| EXERCISE DIRECTIONS |
Some of the lines below need repeating. Reproduce exactly those between the lines holding "X79701571Y-90568082D01*" and "X80199184Y-89505936D01*", inclusive.

Saved data entries
──────

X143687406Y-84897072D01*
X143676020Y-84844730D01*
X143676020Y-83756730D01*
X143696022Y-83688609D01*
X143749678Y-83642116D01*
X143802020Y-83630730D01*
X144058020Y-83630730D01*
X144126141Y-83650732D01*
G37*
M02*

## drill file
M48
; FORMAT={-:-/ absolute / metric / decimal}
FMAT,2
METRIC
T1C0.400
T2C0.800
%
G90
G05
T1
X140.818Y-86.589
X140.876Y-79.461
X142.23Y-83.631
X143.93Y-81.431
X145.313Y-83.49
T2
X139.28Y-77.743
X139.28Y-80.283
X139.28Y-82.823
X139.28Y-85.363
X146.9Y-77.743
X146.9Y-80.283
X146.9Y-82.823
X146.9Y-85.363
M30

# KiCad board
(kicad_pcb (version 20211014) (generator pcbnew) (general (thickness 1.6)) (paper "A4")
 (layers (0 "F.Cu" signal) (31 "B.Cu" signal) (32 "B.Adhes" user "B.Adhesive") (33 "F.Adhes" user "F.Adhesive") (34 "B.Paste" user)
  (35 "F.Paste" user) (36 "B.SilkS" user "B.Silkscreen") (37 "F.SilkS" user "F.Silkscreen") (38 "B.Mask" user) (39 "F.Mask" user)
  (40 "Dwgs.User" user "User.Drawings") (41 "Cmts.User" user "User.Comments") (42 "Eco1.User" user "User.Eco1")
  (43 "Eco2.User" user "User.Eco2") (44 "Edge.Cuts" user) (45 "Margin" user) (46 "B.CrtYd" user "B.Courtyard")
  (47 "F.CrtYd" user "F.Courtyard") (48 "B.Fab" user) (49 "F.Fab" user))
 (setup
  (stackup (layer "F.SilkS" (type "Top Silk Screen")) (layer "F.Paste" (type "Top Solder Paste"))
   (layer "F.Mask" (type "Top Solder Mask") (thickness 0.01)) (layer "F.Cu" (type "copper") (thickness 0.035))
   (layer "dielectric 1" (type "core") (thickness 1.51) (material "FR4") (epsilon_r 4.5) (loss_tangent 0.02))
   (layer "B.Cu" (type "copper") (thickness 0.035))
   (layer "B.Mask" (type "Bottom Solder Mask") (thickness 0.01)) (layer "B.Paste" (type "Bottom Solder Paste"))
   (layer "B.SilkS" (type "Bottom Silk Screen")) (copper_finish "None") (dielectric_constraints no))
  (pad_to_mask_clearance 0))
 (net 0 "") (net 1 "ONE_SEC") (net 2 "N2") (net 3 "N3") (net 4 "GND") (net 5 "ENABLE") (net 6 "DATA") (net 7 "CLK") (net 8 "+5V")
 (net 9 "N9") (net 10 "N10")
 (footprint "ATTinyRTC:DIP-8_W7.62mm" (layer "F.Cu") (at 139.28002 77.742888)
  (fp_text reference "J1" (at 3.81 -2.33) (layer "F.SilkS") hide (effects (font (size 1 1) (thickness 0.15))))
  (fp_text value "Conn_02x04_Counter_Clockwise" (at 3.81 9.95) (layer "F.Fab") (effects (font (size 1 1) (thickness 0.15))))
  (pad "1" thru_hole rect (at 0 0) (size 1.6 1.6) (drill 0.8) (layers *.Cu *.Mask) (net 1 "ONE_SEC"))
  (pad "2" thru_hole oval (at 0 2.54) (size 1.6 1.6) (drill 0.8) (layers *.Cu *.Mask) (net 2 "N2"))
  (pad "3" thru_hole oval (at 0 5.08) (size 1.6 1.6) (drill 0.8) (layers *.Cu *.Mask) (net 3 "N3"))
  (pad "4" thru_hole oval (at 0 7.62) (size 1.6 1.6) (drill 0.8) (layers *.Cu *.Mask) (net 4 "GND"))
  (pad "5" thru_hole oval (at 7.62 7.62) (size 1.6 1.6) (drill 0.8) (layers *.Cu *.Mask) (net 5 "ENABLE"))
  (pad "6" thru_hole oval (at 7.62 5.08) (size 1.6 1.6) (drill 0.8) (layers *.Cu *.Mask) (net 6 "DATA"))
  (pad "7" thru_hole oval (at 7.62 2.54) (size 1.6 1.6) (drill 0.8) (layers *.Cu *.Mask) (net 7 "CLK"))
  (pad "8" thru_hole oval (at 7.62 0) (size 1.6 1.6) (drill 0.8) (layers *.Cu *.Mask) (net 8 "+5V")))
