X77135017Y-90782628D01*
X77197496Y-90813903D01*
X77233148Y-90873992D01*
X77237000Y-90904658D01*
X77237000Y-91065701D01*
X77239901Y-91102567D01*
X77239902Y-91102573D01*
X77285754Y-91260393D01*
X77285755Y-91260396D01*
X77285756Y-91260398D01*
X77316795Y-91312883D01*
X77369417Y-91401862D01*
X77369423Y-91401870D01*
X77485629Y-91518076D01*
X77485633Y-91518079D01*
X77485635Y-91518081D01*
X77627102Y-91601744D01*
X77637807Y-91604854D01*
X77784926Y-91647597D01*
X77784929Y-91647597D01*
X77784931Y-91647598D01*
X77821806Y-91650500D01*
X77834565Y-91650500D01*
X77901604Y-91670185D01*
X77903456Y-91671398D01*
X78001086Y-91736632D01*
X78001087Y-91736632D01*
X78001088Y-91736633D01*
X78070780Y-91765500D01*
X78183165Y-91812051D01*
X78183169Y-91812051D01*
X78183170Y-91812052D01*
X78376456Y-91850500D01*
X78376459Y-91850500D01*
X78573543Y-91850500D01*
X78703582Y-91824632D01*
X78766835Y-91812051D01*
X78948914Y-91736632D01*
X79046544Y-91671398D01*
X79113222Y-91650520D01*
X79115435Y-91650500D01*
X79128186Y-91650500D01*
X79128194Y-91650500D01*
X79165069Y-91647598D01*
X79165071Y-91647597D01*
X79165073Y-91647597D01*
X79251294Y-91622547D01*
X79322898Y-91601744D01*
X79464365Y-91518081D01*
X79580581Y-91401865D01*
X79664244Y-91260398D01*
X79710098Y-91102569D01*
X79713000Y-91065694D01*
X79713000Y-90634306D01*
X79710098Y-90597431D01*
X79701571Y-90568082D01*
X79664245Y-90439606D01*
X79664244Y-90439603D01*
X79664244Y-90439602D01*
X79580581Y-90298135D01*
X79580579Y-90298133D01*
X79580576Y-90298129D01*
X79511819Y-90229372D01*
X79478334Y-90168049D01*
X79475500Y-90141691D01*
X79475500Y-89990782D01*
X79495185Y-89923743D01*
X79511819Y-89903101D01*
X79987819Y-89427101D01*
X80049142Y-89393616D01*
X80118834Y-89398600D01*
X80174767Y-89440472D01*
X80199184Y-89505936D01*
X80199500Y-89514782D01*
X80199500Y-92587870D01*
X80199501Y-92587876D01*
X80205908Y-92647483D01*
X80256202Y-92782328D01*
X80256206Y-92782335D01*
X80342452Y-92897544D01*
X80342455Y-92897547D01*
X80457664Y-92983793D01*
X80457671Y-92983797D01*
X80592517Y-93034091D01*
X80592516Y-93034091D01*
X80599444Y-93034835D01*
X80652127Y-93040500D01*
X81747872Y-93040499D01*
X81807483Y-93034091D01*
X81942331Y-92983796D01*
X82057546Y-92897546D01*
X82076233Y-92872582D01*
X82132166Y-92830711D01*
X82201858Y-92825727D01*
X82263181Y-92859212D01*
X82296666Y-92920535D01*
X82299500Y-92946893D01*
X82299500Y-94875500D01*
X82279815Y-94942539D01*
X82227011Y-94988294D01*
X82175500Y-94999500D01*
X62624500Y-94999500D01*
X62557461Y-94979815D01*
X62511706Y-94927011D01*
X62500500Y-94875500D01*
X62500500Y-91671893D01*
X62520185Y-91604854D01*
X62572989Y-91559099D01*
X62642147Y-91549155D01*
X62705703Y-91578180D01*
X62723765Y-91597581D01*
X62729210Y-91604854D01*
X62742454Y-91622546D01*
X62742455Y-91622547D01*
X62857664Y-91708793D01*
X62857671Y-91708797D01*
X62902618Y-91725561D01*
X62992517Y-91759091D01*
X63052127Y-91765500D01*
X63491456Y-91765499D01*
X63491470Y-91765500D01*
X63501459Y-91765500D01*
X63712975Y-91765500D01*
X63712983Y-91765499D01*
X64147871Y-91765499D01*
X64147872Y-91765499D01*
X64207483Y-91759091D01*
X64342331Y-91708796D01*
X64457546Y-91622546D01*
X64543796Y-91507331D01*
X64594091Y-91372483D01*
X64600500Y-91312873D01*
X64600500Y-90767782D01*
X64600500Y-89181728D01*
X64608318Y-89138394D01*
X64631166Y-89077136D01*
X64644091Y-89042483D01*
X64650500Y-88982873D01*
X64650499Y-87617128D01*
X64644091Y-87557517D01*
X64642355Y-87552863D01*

──────

| EXERCISE ANSWER |
X79701571Y-90568082D01*
X79664245Y-90439606D01*
X79664244Y-90439603D01*
X79664244Y-90439602D01*
X79580581Y-90298135D01*
X79580579Y-90298133D01*
X79580576Y-90298129D01*
X79511819Y-90229372D01*
X79478334Y-90168049D01*
X79475500Y-90141691D01*
X79475500Y-89990782D01*
X79495185Y-89923743D01*
X79511819Y-89903101D01*
X79987819Y-89427101D01*
X80049142Y-89393616D01*
X80118834Y-89398600D01*
X80174767Y-89440472D01*
X80199184Y-89505936D01*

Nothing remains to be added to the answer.